* _Work instruction_: What you produce should be every line from the data that includes "Courtyard".

* _Data shown_:
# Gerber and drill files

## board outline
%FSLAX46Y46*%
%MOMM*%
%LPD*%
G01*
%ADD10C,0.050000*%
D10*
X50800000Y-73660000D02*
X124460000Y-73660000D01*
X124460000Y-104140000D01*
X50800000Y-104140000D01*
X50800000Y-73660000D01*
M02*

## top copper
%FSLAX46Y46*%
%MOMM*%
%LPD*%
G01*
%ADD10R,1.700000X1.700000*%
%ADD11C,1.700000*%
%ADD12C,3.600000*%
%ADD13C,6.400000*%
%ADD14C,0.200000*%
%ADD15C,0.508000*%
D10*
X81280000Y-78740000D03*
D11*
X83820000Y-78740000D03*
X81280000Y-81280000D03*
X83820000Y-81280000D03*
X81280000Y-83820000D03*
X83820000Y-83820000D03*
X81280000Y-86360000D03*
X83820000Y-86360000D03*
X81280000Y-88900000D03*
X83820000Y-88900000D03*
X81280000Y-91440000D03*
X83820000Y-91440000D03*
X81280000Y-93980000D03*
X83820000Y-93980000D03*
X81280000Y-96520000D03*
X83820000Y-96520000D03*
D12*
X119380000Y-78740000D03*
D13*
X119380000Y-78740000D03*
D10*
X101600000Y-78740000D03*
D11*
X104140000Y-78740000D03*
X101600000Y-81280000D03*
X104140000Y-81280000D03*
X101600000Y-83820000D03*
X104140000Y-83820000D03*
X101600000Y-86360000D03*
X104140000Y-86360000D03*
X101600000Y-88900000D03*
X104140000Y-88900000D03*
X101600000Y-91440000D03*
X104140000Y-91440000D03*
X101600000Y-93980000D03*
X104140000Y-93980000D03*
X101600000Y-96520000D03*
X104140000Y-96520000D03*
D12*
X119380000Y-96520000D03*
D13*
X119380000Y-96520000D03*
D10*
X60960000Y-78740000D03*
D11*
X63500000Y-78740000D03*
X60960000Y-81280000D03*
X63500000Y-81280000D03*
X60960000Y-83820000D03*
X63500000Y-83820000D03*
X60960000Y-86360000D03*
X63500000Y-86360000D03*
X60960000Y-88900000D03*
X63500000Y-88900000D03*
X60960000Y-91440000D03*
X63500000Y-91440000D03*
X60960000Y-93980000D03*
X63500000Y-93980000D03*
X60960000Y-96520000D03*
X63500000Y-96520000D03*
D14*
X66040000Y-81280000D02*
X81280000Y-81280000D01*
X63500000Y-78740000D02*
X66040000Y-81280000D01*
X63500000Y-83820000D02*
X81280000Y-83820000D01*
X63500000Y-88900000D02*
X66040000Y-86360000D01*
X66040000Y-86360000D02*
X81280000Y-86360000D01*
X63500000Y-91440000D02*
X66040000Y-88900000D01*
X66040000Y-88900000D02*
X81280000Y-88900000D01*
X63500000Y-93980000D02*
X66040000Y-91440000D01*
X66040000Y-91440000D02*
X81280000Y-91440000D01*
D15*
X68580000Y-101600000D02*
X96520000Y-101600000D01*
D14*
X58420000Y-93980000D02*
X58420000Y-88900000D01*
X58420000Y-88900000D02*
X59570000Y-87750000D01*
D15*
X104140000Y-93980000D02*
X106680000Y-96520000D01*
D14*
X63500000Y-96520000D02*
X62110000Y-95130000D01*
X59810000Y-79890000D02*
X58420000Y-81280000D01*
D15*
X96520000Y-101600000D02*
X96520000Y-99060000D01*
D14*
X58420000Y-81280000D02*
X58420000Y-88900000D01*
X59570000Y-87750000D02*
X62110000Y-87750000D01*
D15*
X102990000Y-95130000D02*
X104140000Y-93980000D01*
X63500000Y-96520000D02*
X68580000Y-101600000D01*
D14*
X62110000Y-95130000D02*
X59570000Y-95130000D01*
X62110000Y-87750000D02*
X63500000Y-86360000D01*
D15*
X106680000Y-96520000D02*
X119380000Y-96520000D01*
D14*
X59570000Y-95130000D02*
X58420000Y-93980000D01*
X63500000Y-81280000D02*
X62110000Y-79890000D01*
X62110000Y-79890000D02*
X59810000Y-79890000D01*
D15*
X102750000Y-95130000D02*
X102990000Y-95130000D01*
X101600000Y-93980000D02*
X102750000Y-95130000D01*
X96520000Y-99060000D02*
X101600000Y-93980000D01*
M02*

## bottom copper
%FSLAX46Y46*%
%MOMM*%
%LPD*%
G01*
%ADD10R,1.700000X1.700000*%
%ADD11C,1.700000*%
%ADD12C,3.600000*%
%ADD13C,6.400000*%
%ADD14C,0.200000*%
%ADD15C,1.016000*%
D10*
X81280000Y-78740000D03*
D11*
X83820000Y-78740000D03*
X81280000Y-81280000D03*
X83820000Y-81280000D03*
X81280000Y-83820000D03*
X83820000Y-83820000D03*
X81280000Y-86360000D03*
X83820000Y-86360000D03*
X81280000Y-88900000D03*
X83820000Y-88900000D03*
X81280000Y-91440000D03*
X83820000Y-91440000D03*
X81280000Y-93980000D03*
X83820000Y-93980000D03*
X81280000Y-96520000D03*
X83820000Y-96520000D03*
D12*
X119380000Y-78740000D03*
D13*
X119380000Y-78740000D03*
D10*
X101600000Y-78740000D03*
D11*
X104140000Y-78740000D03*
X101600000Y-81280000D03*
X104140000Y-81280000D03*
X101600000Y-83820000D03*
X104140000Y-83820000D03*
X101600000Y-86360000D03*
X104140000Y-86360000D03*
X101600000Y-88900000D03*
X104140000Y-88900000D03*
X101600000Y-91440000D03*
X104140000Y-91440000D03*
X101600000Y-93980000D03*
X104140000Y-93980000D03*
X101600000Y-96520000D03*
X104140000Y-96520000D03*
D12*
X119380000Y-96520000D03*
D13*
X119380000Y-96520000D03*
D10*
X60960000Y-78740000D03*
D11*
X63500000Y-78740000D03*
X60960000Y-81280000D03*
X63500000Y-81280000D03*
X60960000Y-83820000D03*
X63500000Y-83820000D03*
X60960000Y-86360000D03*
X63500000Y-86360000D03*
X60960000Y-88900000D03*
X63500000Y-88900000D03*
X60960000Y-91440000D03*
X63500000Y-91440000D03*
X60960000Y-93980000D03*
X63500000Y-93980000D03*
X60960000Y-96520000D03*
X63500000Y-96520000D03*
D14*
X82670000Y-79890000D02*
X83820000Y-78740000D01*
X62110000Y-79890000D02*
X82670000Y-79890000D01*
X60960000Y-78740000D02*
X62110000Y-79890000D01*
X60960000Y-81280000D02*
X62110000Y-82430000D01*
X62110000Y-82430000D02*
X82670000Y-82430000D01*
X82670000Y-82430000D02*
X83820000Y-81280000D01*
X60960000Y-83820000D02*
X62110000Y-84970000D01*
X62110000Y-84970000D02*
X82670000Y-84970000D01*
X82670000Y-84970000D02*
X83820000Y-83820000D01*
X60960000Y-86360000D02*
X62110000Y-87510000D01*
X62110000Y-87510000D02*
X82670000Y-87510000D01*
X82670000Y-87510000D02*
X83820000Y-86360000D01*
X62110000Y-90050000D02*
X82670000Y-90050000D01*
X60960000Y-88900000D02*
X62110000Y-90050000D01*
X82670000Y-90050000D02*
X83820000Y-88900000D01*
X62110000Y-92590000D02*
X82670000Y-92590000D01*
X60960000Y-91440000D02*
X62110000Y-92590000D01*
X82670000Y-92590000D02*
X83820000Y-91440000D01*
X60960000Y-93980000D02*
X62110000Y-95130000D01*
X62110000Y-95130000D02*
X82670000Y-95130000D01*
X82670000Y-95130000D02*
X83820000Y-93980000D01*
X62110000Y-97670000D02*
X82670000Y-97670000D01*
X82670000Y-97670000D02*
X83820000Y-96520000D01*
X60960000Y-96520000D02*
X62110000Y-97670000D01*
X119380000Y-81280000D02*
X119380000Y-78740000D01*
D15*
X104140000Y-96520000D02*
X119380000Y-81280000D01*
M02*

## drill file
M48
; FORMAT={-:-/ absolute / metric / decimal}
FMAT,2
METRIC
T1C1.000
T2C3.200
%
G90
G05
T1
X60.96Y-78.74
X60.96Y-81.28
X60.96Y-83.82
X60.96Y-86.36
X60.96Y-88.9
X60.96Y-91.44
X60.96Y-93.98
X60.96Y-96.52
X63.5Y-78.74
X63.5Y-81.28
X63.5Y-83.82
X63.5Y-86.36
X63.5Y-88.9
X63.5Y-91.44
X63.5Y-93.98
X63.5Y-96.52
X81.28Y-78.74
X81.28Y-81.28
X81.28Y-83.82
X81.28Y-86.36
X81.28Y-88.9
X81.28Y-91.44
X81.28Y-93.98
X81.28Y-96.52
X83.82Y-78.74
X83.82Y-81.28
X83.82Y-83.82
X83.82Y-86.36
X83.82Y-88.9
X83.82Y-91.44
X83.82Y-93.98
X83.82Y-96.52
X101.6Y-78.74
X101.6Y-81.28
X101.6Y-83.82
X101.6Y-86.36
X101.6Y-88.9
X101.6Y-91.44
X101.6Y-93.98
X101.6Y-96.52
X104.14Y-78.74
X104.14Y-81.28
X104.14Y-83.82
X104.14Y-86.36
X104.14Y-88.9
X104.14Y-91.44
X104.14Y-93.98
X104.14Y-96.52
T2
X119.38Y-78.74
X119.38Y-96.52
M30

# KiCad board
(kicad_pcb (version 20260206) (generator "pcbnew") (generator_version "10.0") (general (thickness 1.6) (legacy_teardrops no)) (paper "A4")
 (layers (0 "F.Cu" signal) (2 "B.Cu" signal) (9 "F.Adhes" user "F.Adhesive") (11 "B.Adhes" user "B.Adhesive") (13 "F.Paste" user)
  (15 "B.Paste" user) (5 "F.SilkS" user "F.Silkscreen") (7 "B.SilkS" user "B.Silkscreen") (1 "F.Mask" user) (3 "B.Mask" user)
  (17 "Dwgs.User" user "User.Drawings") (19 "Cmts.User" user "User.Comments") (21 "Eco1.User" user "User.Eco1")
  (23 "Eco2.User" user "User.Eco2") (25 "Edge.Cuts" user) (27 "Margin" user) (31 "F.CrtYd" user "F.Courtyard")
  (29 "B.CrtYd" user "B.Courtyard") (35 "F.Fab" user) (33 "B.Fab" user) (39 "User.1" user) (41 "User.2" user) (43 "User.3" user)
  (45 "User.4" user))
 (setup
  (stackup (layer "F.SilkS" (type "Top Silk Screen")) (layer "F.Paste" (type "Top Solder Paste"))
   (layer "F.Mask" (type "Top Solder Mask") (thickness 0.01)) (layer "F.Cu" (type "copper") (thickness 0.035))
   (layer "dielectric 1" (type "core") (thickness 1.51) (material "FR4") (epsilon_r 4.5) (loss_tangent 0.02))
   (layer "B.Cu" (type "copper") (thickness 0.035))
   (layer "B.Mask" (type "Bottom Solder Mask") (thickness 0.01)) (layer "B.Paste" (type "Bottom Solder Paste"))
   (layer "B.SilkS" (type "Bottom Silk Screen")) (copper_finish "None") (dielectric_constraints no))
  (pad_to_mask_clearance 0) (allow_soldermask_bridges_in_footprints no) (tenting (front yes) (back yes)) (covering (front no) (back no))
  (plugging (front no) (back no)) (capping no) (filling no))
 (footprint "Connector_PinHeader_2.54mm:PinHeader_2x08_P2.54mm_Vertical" (layer "F.Cu") (at 81.28 78.74)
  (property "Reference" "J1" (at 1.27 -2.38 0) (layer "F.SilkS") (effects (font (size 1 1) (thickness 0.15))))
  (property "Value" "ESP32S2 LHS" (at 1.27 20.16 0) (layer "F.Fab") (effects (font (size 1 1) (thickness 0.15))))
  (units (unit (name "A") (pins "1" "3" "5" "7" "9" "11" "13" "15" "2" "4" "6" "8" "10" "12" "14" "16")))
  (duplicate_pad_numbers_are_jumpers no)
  (pad "1" thru_hole rect (at 0 0) (size 1.7 1.7) (drill 1) (layers "*.Cu" "*.Mask") (remove_unused_layers no)
   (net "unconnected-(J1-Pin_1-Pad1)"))
  (pad "2" thru_hole circle (at 2.54 0) (size 1.7 1.7) (drill 1) (layers "*.Cu" "*.Mask") (remove_unused_layers no) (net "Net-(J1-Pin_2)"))
  (pad "3" thru_hole circle (at 0 2.54) (size 1.7 1.7) (drill 1) (layers "*.Cu" "*.Mask") (remove_unused_layers no) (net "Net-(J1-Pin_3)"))
  (pad "4" thru_hole circle (at 2.54 2.54) (size 1.7 1.7) (drill 1) (layers "*.Cu" "*.Mask") (remove_unused_layers no)
   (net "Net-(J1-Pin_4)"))
  (pad "5" thru_hole circle (at 0 5.08) (size 1.7 1.7) (drill 1) (layers "*.Cu" "*.Mask") (remove_unused_layers no) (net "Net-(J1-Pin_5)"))
  (pad "6" thru_hole circle (at 2.54 5.08) (size 1.7 1.7) (drill 1) (layers "*.Cu" "*.Mask") (remove_unused_layers no)
   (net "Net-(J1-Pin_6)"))
  (pad "7" thru_hole circle (at 0 7.62) (size 1.7 1.7) (drill 1) (layers "*.Cu" "*.Mask") (remove_unused_layers no) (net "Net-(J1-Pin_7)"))
  (pad "8" thru_hole circle (at 2.54 7.62) (size 1.7 1.7) (drill 1) (layers "*.Cu" "*.Mask") (remove_unused_layers no)
   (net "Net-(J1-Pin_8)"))
  (pad "9" thru_hole circle (at 0 10.16) (size 1.7 1.7) (drill 1) (layers "*.Cu" "*.Mask") (remove_unused_layers no) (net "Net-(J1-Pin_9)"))
  (pad "10" thru_hole circle (at 2.54 10.16) (size 1.7 1.7) (drill 1) (layers "*.Cu" "*.Mask") (remove_unused_layers no)
   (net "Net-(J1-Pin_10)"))
  (pad "11" thru_hole circle (at 0 12.7) (size 1.7 1.7) (drill 1) (layers "*.Cu" "*.Mask") (remove_unused_layers no) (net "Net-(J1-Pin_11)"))
  (pad "12" thru_hole circle (at 2.54 12.7) (size 1.7 1.7) (drill 1) (layers "*.Cu" "*.Mask") (remove_unused_layers no)
   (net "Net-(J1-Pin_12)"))
  (pad "13" thru_hole circle (at 0 15.24) (size 1.7 1.7) (drill 1) (layers "*.Cu" "*.Mask") (remove_unused_layers no)
   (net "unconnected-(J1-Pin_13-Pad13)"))
  (pad "14" thru_hole circle (at 2.54 15.24) (size 1.7 1.7) (drill 1) (layers "*.Cu" "*.Mask") (remove_unused_layers no)
   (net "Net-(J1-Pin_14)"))
  (pad "15" thru_hole circle (at 0 17.78) (size 1.7 1.7) (drill 1) (layers "*.Cu" "*.Mask") (remove_unused_layers no)
   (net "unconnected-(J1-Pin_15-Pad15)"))
  (pad "16" thru_hole circle (at 2.54 17.78) (size 1.7 1.7) (drill 1) (layers "*.Cu" "*.Mask") (remove_unused_layers no)
   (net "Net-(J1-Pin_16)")))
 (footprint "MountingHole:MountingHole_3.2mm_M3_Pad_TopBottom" (layer "F.Cu") (at 119.38 78.74)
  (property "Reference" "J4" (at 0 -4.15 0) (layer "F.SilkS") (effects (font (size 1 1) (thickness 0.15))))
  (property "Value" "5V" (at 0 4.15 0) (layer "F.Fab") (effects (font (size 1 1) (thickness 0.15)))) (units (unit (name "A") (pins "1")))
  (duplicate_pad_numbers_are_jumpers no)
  (pad "1" thru_hole circle (at 0 0) (size 3.6 3.6) (drill 3.2) (layers "*.Cu" "*.Mask") (remove_unused_layers no) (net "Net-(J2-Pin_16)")
   (zone_connect 2))
  (pad "1" connect circle (at 0 0) (size 6.4 6.4) (layers "F.Cu" "F.Mask") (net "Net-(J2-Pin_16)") (zone_connect 2))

* _Your response_:
  (23 "Eco2.User" user "User.Eco2") (25 "Edge.Cuts" user) (27 "Margin" user) (31 "F.CrtYd" user "F.Courtyard")
  (29 "B.CrtYd" user "B.Courtyard") (35 "F.Fab" user) (33 "B.Fab" user) (39 "User.1" user) (41 "User.2" user) (43 "User.3" user)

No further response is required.